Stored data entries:
□ □ □ □

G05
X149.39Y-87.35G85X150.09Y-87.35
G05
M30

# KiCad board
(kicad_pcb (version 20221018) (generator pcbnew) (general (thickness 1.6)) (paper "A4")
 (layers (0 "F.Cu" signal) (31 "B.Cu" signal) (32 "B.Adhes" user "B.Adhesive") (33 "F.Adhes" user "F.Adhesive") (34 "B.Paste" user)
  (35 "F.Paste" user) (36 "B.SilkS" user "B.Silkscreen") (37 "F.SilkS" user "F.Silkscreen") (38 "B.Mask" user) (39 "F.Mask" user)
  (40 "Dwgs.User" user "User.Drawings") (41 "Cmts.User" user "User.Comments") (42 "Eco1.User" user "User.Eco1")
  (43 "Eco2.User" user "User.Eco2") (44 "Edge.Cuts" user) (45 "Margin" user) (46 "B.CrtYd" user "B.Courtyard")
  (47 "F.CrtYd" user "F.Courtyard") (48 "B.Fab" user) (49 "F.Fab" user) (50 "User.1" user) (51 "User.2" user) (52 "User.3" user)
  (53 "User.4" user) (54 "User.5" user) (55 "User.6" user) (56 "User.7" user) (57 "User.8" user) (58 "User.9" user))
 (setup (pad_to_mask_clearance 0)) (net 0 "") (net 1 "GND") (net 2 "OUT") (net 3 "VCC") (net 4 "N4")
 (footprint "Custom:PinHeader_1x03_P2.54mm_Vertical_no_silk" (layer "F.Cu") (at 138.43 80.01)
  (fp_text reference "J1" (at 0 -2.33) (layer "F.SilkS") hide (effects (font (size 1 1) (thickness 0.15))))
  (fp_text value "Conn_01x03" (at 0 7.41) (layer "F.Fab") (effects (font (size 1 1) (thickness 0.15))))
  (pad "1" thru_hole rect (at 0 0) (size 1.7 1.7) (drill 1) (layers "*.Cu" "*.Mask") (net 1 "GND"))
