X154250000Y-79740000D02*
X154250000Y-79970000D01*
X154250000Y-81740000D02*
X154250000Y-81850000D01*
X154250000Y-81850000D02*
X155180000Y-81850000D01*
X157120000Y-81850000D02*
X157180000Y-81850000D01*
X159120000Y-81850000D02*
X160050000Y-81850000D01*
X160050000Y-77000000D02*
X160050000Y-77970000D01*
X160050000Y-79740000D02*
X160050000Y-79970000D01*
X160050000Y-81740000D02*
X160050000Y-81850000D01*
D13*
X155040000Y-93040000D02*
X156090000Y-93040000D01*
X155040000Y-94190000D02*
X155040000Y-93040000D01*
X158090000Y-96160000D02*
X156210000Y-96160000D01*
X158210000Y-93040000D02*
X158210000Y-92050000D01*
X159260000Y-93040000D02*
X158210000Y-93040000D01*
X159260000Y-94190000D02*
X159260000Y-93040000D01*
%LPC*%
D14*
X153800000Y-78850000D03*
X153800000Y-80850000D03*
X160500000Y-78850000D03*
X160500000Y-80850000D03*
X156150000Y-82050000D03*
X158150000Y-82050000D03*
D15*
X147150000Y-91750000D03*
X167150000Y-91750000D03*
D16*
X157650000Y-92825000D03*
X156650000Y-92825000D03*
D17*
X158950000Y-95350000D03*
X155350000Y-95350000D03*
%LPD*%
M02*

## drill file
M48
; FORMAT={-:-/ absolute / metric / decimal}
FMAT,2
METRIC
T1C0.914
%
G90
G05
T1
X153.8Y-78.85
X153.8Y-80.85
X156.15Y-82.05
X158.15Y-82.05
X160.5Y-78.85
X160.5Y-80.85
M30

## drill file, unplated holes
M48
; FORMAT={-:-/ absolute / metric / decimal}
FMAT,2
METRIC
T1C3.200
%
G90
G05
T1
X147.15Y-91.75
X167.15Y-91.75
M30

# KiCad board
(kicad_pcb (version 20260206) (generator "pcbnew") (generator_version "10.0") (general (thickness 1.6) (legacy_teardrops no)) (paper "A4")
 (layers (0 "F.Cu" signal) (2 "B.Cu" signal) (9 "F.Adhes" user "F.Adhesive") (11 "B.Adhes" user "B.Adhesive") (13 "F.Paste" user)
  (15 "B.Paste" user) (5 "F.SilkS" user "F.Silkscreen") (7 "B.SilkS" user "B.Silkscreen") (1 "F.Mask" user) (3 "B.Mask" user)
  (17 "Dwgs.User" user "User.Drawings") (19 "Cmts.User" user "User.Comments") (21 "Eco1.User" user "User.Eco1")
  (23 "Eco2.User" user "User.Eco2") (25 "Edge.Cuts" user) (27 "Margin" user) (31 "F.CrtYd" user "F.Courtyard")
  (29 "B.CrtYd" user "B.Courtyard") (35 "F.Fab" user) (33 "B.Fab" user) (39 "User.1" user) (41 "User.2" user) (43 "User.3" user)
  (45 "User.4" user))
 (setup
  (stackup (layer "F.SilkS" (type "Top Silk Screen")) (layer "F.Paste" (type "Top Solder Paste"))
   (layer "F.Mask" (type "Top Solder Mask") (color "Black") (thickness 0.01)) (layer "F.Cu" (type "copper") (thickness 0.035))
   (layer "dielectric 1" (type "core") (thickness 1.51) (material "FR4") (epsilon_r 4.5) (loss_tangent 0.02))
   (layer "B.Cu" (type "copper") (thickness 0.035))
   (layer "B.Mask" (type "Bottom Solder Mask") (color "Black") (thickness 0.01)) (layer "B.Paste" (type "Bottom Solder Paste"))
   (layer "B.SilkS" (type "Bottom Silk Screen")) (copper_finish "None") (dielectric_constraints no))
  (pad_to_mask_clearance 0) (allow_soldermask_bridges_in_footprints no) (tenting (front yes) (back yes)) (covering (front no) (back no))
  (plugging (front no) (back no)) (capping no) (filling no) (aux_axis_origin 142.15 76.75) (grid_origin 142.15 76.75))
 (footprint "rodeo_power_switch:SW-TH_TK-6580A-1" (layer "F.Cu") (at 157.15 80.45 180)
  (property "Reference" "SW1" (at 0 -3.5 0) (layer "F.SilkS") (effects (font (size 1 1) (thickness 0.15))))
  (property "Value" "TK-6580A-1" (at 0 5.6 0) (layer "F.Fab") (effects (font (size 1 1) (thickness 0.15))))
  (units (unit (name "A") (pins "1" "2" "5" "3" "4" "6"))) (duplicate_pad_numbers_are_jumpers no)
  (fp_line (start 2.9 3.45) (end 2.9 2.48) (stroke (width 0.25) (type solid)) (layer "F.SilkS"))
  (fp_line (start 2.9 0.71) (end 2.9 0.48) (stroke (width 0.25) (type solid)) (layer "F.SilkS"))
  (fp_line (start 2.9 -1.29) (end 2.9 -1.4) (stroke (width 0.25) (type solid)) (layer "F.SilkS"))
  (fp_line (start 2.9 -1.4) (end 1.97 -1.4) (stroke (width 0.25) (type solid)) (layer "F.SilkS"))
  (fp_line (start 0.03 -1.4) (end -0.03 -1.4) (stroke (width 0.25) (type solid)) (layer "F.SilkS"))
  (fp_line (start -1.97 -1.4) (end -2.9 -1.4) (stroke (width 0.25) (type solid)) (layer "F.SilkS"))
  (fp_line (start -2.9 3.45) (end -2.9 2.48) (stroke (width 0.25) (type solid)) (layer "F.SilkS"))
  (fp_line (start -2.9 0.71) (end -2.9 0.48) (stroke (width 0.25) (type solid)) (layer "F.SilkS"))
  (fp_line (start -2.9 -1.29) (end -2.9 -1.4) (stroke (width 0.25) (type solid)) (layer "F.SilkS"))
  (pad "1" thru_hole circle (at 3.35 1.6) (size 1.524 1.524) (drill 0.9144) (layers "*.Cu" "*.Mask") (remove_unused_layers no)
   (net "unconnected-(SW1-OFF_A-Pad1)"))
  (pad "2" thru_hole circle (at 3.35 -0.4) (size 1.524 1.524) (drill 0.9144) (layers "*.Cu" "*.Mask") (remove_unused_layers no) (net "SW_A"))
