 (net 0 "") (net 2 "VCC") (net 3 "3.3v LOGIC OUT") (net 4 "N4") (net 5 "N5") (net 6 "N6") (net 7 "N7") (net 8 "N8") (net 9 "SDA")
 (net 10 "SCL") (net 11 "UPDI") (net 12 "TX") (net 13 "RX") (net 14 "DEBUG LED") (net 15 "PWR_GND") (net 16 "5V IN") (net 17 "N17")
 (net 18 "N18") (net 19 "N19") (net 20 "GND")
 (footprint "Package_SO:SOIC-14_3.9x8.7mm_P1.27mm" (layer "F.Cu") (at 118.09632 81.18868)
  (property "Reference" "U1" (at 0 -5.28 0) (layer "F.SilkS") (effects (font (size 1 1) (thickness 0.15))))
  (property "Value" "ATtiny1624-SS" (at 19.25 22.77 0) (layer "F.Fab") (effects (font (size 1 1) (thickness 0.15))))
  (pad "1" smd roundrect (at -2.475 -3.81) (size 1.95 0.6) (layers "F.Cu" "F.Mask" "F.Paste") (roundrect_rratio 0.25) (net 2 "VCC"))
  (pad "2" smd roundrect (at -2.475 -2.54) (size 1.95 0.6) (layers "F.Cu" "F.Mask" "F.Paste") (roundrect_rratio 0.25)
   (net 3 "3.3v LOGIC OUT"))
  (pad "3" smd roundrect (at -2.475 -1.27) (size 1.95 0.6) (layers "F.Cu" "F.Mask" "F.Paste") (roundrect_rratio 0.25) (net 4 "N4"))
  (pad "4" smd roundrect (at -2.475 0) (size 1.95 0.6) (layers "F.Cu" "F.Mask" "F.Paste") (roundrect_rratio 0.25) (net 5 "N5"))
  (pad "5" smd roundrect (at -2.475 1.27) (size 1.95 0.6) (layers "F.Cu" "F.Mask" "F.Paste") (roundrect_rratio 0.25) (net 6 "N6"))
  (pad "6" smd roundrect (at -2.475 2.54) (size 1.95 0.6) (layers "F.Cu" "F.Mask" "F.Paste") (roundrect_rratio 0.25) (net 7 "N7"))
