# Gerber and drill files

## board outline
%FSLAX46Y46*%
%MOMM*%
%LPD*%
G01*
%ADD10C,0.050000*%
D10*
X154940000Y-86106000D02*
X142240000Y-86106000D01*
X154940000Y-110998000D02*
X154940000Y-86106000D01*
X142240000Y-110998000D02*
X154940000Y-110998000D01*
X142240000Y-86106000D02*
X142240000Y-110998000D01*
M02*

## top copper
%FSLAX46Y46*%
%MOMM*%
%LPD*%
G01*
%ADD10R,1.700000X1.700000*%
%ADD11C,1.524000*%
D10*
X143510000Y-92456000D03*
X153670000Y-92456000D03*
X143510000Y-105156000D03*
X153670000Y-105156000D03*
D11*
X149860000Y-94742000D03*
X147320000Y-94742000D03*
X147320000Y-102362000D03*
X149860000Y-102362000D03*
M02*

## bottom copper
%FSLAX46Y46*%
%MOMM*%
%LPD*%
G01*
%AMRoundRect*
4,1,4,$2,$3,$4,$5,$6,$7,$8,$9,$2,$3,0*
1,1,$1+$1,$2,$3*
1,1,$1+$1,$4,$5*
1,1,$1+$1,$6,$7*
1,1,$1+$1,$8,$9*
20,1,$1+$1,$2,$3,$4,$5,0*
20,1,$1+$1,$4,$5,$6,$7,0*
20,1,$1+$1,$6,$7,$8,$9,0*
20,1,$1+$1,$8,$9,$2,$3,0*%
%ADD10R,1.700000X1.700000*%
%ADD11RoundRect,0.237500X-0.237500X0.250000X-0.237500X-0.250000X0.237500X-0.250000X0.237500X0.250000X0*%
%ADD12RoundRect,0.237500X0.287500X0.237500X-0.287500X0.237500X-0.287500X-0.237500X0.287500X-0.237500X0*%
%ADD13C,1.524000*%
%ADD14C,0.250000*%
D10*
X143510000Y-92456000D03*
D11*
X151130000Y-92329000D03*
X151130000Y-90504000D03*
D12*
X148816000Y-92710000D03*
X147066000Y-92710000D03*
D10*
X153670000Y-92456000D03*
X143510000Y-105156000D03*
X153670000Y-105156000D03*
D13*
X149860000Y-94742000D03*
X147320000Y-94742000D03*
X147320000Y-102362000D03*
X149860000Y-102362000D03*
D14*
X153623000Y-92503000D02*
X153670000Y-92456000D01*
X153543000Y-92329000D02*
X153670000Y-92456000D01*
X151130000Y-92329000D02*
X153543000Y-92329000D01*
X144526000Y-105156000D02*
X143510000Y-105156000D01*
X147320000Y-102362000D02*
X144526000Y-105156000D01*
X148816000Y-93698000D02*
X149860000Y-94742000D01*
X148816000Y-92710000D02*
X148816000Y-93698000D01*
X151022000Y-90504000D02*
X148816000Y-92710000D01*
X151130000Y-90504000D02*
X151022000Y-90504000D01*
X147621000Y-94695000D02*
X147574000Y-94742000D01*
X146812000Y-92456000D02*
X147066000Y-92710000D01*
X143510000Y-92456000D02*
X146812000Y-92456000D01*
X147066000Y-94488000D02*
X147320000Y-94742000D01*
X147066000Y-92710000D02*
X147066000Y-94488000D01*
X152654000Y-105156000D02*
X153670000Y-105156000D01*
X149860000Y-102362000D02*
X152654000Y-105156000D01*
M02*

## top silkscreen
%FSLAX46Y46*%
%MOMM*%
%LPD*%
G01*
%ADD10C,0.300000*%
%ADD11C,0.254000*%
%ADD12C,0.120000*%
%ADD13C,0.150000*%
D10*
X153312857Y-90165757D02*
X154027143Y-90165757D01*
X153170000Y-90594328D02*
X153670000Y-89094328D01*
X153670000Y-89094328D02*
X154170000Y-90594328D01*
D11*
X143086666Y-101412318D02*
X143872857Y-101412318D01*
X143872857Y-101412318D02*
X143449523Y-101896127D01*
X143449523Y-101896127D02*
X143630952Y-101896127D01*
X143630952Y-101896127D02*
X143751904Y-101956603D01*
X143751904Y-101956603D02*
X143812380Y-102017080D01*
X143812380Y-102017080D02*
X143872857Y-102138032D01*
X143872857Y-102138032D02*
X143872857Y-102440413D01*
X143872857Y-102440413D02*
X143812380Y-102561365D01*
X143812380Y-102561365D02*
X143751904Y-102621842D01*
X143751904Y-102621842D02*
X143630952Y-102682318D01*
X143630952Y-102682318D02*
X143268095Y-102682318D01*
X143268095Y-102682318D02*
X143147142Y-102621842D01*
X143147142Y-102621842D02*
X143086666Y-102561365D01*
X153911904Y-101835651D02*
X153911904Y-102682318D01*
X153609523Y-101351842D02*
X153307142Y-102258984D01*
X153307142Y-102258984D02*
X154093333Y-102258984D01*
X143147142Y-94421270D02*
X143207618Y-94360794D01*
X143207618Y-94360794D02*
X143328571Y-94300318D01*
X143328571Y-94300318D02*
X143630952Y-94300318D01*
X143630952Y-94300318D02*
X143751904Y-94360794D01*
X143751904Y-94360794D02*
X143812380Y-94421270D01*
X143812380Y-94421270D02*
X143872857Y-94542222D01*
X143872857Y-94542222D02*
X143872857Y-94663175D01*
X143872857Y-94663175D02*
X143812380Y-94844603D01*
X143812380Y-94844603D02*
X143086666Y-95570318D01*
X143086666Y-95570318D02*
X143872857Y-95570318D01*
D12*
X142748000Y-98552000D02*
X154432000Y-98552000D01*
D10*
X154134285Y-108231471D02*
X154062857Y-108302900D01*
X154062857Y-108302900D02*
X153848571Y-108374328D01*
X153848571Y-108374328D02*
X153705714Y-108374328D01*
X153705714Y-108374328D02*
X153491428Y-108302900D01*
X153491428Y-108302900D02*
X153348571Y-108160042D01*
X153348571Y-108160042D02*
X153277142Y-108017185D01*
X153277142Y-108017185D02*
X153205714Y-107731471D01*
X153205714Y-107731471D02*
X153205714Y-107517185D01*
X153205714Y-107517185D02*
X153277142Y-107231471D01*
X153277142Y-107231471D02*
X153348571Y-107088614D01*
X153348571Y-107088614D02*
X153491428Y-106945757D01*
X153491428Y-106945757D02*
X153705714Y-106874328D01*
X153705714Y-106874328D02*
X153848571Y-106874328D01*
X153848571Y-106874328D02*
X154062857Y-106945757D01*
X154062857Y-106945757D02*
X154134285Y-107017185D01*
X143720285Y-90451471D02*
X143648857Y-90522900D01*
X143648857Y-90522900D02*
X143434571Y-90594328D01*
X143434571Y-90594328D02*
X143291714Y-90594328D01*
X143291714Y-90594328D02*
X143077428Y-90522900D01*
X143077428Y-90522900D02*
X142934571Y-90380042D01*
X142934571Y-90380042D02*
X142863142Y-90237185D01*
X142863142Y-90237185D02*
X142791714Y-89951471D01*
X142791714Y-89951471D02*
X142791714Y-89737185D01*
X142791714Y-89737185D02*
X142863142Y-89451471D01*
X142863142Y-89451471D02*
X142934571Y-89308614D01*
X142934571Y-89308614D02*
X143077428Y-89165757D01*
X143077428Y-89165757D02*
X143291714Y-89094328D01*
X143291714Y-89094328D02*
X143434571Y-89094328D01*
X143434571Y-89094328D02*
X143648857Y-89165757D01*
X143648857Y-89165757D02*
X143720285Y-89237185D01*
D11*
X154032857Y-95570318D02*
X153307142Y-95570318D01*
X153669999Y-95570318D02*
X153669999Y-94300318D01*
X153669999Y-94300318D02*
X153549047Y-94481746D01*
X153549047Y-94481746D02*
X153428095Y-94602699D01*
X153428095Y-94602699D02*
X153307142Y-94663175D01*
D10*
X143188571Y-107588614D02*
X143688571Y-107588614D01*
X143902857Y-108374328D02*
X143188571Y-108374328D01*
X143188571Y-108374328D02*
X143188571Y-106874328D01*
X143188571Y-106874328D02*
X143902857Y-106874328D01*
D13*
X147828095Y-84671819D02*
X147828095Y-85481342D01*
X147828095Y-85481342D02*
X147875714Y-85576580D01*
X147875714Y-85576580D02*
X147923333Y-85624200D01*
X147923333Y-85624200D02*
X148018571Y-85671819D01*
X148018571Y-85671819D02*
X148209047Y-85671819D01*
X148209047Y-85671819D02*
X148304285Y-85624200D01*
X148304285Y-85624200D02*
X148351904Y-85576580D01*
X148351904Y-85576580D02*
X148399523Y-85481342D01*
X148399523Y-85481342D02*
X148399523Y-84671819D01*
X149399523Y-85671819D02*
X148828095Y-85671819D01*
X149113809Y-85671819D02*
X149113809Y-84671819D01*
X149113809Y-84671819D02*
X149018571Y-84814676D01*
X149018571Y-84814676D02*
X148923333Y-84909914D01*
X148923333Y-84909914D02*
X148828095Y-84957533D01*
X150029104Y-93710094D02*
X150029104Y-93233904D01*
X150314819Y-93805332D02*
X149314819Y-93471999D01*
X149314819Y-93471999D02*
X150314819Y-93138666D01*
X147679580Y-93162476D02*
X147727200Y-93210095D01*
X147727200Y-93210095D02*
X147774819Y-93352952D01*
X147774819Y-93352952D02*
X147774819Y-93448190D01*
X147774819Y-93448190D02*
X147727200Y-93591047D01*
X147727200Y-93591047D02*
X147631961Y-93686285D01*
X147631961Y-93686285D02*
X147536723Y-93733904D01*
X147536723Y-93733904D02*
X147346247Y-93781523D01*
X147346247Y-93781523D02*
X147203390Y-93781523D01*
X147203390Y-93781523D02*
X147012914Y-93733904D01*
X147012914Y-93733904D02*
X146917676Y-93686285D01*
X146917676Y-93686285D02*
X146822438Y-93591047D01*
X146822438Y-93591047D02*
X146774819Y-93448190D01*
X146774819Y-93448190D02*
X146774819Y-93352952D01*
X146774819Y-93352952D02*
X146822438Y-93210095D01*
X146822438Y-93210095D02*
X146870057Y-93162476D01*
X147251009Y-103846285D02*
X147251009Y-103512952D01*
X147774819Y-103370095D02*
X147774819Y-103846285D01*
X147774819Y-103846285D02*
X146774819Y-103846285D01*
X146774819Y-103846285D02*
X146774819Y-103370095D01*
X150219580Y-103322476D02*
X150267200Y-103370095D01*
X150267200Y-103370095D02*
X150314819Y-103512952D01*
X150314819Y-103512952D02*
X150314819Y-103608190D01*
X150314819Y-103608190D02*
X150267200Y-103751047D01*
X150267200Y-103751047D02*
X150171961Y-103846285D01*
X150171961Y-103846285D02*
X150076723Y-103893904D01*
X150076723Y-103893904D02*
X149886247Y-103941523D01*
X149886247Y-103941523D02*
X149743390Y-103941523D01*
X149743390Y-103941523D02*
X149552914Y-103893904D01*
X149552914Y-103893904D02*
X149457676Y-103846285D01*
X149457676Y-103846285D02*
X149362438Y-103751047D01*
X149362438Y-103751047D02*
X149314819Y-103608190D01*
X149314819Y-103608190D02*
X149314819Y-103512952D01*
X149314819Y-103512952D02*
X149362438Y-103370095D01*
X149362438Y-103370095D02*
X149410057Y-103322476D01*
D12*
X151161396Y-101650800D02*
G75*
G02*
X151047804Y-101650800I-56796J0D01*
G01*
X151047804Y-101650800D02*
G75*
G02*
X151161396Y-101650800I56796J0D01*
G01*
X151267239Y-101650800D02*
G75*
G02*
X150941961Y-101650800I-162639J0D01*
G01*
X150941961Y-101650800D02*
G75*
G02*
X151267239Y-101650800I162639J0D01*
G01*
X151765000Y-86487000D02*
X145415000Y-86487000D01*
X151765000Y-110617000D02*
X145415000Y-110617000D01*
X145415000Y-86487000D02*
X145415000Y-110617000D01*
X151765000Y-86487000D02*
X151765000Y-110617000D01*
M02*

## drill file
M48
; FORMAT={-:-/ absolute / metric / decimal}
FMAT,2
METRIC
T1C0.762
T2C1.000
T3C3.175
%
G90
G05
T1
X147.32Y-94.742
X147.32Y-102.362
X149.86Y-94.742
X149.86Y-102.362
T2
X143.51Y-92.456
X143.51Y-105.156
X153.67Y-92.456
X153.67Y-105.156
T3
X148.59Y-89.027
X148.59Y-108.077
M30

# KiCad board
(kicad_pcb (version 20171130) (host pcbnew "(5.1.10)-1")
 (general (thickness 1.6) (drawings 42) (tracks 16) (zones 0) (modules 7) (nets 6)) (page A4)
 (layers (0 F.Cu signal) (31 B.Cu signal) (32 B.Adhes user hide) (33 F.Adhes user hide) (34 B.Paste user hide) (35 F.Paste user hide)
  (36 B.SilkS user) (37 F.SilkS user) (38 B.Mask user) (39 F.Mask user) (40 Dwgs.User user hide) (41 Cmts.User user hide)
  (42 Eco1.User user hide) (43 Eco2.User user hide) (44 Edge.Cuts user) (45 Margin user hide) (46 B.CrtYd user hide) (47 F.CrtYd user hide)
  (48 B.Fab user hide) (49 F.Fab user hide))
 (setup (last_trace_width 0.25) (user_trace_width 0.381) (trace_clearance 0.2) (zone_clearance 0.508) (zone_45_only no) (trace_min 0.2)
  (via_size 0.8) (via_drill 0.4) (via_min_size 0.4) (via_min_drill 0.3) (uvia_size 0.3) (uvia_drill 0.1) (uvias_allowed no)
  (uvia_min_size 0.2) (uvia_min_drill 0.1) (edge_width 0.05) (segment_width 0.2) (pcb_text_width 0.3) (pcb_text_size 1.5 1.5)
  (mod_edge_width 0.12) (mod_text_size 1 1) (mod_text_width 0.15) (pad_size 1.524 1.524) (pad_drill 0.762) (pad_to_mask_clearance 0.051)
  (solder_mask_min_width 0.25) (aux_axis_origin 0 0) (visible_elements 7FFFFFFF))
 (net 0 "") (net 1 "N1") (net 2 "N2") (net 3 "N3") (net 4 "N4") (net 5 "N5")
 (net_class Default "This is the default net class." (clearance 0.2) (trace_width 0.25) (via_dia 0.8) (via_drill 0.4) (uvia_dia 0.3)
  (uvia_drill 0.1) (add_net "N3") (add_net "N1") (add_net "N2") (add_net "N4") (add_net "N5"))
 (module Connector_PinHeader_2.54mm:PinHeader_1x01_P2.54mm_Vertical (layer B.Cu) (at 143.51 92.456 180)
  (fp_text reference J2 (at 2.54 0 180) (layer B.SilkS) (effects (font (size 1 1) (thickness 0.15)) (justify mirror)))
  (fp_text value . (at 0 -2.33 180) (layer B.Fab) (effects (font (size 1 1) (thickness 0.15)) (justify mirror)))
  (pad 1 thru_hole rect (at 0 0 180) (size 1.7 1.7) (drill 1) (layers *.Cu *.Mask) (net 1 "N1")))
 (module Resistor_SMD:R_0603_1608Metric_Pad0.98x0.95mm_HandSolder (layer B.Cu) (at 151.13 91.4165 270)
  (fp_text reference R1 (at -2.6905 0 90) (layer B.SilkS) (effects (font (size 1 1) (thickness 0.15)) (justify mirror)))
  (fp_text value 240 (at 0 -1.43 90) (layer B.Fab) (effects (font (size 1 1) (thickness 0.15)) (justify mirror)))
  (pad 2 smd roundrect (at 0.9125 0 270) (size 0.975 0.95) (layers B.Cu B.Paste B.Mask) (roundrect_rratio 0.25) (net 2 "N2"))
  (pad 1 smd roundrect (at -0.9125 0 270) (size 0.975 0.95) (layers B.Cu B.Paste B.Mask) (roundrect_rratio 0.25) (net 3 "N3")))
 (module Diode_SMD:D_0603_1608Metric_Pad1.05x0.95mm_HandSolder (layer B.Cu) (at 147.941 92.71 180)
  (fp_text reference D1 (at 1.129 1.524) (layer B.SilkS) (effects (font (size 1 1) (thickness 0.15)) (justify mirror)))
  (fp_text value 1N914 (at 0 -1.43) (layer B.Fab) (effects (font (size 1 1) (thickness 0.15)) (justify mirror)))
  (pad 1 smd roundrect (at -0.875 0 180) (size 1.05 0.95) (layers B.Cu B.Paste B.Mask) (roundrect_rratio 0.25) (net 3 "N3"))
  (pad 2 smd roundrect (at 0.875 0 180) (size 1.05 0.95) (layers B.Cu B.Paste B.Mask) (roundrect_rratio 0.25) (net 1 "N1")))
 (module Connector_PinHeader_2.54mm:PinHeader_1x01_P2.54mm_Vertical (layer B.Cu) (at 153.67 92.456 180)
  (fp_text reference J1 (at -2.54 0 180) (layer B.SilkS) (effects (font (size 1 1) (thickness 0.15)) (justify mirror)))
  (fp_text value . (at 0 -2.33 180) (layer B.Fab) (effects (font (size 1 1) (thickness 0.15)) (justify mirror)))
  (pad 1 thru_hole rect (at 0 0 180) (size 1.7 1.7) (drill 1) (layers *.Cu *.Mask) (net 2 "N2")))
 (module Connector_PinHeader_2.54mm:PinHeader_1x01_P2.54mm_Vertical (layer B.Cu) (at 143.51 105.156 180)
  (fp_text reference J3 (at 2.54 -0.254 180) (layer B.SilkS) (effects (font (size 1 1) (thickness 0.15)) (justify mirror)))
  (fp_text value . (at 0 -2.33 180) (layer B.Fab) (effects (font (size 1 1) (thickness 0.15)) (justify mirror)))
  (pad 1 thru_hole rect (at 0 0 180) (size 1.7 1.7) (drill 1) (layers *.Cu *.Mask) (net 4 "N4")))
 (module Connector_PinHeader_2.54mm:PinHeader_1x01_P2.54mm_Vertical (layer B.Cu) (at 153.67 105.156 180)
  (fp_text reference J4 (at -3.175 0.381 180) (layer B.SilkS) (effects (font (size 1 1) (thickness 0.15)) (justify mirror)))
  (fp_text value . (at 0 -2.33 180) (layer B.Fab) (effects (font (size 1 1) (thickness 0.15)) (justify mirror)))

□ □ □ □

WHAT IS REQUIRED:
Return only the part of the records above that opens with the line containing "X143872857Y-94542222D02*" and closes with the line containing "X143188571Y-108374328D01*", ends included.

EXERCISE RESPONSE:
X143872857Y-94542222D02*
X143872857Y-94663175D01*
X143872857Y-94663175D02*
X143812380Y-94844603D01*
X143812380Y-94844603D02*
X143086666Y-95570318D01*
X143086666Y-95570318D02*
X143872857Y-95570318D01*
D12*
X142748000Y-98552000D02*
X154432000Y-98552000D01*
D10*
X154134285Y-108231471D02*
X154062857Y-108302900D01*
X154062857Y-108302900D02*
X153848571Y-108374328D01*
X153848571Y-108374328D02*
X153705714Y-108374328D01*
X153705714Y-108374328D02*
X153491428Y-108302900D01*
X153491428Y-108302900D02*
X153348571Y-108160042D01*
X153348571Y-108160042D02*
X153277142Y-108017185D01*
X153277142Y-108017185D02*
X153205714Y-107731471D01*
X153205714Y-107731471D02*
X153205714Y-107517185D01*
X153205714Y-107517185D02*
X153277142Y-107231471D01*
X153277142Y-107231471D02*
X153348571Y-107088614D01*
X153348571Y-107088614D02*
X153491428Y-106945757D01*
X153491428Y-106945757D02*
X153705714Y-106874328D01*
X153705714Y-106874328D02*
X153848571Y-106874328D01*
X153848571Y-106874328D02*
X154062857Y-106945757D01*
X154062857Y-106945757D02*
X154134285Y-107017185D01*
X143720285Y-90451471D02*
X143648857Y-90522900D01*
X143648857Y-90522900D02*
X143434571Y-90594328D01*
X143434571Y-90594328D02*
X143291714Y-90594328D01*
X143291714Y-90594328D02*
X143077428Y-90522900D01*
X143077428Y-90522900D02*
X142934571Y-90380042D01*
X142934571Y-90380042D02*
X142863142Y-90237185D01*
X142863142Y-90237185D02*
X142791714Y-89951471D01*
X142791714Y-89951471D02*
X142791714Y-89737185D01*
X142791714Y-89737185D02*
X142863142Y-89451471D01*
X142863142Y-89451471D02*
X142934571Y-89308614D01*
X142934571Y-89308614D02*
X143077428Y-89165757D01*
X143077428Y-89165757D02*
X143291714Y-89094328D01*
X143291714Y-89094328D02*
X143434571Y-89094328D01*
X143434571Y-89094328D02*
X143648857Y-89165757D01*
X143648857Y-89165757D02*
X143720285Y-89237185D01*
D11*
X154032857Y-95570318D02*
X153307142Y-95570318D01*
X153669999Y-95570318D02*
X153669999Y-94300318D01*
X153669999Y-94300318D02*
X153549047Y-94481746D01*
X153549047Y-94481746D02*
X153428095Y-94602699D01*
X153428095Y-94602699D02*
X153307142Y-94663175D01*
D10*
X143188571Y-107588614D02*
X143688571Y-107588614D01*
X143902857Y-108374328D02*
X143188571Y-108374328D01*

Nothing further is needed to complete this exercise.